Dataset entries
+--
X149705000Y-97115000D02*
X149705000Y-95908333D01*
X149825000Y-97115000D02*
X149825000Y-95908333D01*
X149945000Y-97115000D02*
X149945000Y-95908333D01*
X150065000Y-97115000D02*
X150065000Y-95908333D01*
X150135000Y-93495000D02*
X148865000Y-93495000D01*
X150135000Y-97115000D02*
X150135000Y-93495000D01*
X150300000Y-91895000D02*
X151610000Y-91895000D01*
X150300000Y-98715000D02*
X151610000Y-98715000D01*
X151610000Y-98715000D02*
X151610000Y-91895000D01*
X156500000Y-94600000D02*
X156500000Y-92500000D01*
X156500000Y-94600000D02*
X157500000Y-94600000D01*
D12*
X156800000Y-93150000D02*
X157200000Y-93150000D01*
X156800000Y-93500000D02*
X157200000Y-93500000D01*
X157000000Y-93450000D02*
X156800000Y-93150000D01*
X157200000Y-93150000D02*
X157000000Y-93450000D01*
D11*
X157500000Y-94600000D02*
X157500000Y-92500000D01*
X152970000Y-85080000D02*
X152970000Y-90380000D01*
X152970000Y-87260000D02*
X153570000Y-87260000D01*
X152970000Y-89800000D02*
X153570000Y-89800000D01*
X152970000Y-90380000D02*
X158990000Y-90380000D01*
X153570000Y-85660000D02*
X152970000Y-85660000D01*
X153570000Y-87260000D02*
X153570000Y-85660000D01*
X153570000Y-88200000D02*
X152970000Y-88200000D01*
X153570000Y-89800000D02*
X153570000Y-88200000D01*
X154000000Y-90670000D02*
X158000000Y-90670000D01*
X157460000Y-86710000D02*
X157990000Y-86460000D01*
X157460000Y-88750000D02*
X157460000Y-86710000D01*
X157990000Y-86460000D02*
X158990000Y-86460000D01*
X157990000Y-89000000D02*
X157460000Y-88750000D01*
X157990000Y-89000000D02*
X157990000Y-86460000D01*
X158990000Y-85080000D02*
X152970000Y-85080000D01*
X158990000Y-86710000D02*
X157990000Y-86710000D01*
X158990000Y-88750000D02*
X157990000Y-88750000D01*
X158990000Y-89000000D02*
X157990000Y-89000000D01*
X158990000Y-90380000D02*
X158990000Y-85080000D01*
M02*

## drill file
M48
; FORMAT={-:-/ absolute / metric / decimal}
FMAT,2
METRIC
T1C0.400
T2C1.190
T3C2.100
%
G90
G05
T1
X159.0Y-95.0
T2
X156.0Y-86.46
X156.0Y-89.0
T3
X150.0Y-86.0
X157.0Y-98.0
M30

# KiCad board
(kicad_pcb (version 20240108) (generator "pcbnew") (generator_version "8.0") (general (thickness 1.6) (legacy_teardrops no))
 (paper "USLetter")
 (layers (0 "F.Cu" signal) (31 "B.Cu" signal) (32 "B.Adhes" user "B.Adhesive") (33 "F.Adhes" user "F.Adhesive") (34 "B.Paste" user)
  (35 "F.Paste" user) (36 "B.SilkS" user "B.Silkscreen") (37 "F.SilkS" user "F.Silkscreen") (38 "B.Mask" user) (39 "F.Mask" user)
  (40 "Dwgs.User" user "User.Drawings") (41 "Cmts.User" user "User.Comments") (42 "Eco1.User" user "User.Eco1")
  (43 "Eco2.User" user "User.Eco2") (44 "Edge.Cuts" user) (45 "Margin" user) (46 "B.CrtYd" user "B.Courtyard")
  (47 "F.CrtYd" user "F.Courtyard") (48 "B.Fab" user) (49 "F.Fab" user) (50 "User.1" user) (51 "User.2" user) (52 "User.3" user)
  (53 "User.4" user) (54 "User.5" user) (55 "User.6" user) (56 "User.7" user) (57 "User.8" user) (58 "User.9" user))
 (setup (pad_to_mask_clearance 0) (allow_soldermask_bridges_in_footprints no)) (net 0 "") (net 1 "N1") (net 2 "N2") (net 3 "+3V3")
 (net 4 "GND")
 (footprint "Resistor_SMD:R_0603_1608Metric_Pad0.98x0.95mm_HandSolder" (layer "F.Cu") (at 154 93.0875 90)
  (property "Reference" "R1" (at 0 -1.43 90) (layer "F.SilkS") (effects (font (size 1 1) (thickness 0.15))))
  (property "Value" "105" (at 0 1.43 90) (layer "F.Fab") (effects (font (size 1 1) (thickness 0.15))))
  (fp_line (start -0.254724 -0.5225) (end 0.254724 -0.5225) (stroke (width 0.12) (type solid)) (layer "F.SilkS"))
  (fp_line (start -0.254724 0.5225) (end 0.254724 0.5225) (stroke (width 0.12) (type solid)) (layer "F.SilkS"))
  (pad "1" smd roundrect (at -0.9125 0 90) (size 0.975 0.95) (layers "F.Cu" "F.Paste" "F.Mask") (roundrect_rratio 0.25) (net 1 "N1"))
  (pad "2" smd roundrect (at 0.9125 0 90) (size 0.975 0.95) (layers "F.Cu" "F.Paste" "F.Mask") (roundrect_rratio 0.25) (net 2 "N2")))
+--
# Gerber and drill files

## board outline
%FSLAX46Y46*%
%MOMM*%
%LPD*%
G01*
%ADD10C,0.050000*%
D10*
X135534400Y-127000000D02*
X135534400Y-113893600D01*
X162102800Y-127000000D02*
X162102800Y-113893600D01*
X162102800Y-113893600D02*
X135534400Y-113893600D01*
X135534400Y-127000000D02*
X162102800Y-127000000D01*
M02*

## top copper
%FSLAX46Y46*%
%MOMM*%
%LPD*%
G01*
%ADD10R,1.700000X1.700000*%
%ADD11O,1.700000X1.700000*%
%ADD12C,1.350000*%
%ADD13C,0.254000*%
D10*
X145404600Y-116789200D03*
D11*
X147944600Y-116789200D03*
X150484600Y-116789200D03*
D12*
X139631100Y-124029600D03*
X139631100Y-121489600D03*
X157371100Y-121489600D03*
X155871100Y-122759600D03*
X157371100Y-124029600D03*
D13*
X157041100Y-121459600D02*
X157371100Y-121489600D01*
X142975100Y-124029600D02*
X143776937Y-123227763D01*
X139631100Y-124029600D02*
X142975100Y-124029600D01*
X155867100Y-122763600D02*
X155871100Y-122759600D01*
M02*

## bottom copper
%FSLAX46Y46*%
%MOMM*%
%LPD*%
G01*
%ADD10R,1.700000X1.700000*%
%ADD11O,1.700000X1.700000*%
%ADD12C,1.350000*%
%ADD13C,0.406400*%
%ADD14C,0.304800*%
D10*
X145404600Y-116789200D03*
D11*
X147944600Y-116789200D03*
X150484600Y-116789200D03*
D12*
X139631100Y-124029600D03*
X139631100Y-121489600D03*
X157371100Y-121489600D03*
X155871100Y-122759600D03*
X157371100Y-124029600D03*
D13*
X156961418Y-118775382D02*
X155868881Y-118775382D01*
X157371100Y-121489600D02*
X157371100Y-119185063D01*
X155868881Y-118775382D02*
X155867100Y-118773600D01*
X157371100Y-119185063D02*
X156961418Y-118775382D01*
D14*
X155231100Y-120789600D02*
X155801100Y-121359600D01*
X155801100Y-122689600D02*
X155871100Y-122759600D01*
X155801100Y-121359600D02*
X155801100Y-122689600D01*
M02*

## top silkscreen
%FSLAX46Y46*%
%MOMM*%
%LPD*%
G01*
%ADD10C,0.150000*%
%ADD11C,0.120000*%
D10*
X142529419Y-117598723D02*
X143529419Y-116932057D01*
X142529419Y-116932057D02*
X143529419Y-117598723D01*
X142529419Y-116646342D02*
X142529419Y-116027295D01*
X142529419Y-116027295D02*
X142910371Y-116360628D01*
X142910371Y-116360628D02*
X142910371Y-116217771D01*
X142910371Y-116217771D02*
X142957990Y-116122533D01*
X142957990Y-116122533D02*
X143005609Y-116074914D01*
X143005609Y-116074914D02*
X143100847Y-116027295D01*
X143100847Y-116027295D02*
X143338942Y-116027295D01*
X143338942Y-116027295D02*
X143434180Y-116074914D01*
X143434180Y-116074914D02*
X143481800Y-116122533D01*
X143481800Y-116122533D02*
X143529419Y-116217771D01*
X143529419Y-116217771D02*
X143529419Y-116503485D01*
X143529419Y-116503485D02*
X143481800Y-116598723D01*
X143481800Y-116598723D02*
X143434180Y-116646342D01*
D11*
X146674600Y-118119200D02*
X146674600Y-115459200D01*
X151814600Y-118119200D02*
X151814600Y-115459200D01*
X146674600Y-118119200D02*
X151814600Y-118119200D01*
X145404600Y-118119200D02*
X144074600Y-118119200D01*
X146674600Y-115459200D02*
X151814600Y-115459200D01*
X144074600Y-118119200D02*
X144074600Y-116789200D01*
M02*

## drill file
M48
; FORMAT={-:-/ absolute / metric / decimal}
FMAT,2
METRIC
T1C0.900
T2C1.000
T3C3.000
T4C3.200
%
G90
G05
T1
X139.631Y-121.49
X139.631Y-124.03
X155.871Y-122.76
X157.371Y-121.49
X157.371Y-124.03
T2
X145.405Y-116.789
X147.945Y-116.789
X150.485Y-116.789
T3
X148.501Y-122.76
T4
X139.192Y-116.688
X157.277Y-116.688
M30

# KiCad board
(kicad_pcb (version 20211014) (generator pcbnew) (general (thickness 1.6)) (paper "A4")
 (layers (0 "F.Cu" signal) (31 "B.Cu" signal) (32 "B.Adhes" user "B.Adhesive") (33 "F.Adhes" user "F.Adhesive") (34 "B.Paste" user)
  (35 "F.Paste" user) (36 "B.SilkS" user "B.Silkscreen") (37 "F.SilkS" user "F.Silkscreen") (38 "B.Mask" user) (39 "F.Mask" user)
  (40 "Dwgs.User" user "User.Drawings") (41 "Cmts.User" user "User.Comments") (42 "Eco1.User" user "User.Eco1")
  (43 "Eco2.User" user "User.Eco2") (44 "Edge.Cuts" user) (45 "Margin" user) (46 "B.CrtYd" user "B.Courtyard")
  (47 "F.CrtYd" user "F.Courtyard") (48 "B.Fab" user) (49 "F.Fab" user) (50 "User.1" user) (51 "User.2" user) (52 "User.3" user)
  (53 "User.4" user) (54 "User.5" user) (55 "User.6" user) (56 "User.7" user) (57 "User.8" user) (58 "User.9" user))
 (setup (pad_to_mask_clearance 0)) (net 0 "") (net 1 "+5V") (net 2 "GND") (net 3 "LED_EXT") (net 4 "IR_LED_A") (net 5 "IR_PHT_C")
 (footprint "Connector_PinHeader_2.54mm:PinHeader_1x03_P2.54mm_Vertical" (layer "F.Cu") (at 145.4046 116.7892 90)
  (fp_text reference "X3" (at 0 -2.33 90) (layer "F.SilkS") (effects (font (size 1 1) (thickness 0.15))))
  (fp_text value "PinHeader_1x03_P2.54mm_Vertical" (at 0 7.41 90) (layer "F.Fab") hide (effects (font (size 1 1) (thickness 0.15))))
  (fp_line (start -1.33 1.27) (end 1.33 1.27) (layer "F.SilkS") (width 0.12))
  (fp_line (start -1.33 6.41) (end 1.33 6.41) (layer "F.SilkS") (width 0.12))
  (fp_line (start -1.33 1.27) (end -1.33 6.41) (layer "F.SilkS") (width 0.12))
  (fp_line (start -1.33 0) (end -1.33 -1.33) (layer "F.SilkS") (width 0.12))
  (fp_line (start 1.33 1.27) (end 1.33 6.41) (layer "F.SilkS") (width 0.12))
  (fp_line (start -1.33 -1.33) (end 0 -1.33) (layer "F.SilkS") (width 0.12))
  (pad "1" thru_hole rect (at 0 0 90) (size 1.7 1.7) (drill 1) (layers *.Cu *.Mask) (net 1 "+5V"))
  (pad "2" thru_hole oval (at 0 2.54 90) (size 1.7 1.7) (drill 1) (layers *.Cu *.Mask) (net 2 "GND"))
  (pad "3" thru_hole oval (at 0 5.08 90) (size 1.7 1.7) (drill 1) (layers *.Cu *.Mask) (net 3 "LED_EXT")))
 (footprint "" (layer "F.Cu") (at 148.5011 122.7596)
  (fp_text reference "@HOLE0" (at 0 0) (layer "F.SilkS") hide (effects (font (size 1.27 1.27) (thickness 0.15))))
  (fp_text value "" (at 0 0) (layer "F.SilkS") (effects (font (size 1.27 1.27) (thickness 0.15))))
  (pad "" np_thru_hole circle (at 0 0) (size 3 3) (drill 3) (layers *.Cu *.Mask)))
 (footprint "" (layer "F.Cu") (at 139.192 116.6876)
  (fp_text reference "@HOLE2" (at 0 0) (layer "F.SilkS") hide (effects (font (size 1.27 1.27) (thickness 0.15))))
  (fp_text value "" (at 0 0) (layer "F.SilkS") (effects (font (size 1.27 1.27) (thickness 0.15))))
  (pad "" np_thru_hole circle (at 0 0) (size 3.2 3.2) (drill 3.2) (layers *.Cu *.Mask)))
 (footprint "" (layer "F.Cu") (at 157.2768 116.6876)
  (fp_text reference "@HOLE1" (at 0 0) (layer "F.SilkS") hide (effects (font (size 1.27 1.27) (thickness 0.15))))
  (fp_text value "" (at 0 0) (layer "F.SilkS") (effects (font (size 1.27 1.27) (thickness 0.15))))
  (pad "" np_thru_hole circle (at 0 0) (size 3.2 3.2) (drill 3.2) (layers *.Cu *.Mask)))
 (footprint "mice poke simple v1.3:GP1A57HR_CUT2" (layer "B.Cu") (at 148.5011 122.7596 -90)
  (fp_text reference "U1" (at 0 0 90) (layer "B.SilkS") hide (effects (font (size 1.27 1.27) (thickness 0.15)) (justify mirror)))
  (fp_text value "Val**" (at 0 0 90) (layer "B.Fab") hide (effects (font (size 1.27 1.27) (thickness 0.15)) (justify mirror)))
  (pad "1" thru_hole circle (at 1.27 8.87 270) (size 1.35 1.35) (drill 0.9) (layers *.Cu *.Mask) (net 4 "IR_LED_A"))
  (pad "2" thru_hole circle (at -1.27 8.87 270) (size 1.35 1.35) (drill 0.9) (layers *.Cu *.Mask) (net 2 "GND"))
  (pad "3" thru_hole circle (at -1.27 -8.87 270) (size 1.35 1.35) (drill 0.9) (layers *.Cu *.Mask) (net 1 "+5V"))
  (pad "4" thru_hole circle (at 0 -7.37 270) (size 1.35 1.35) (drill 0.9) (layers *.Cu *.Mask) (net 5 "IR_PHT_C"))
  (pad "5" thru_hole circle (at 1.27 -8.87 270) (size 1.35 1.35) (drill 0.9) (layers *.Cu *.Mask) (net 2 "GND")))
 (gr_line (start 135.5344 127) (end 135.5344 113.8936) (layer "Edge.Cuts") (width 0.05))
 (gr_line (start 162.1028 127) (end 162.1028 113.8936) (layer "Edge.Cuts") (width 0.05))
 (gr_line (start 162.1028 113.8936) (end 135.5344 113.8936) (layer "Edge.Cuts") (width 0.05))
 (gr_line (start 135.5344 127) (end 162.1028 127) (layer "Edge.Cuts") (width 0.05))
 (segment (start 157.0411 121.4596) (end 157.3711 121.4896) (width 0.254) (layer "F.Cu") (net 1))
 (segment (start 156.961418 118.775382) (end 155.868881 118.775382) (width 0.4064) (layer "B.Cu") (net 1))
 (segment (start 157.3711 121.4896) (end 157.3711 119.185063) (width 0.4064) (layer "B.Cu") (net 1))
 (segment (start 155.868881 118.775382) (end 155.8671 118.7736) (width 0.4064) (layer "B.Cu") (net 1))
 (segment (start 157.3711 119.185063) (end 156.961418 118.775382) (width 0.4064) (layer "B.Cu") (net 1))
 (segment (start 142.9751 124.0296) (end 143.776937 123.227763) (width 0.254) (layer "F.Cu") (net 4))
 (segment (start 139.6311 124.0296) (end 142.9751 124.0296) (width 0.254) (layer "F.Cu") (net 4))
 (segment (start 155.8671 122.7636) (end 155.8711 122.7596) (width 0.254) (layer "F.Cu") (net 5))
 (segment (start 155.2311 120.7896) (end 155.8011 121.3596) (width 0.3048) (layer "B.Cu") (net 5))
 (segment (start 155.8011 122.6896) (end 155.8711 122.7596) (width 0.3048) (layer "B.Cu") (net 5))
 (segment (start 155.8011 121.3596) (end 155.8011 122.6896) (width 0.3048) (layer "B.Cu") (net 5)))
+--
Whichever lines of the records above hold the word "paper" should all be copied out.

* _Task result_:
 (paper "USLetter")
(kicad_pcb (version 20211014) (generator pcbnew) (general (thickness 1.6)) (paper "A4")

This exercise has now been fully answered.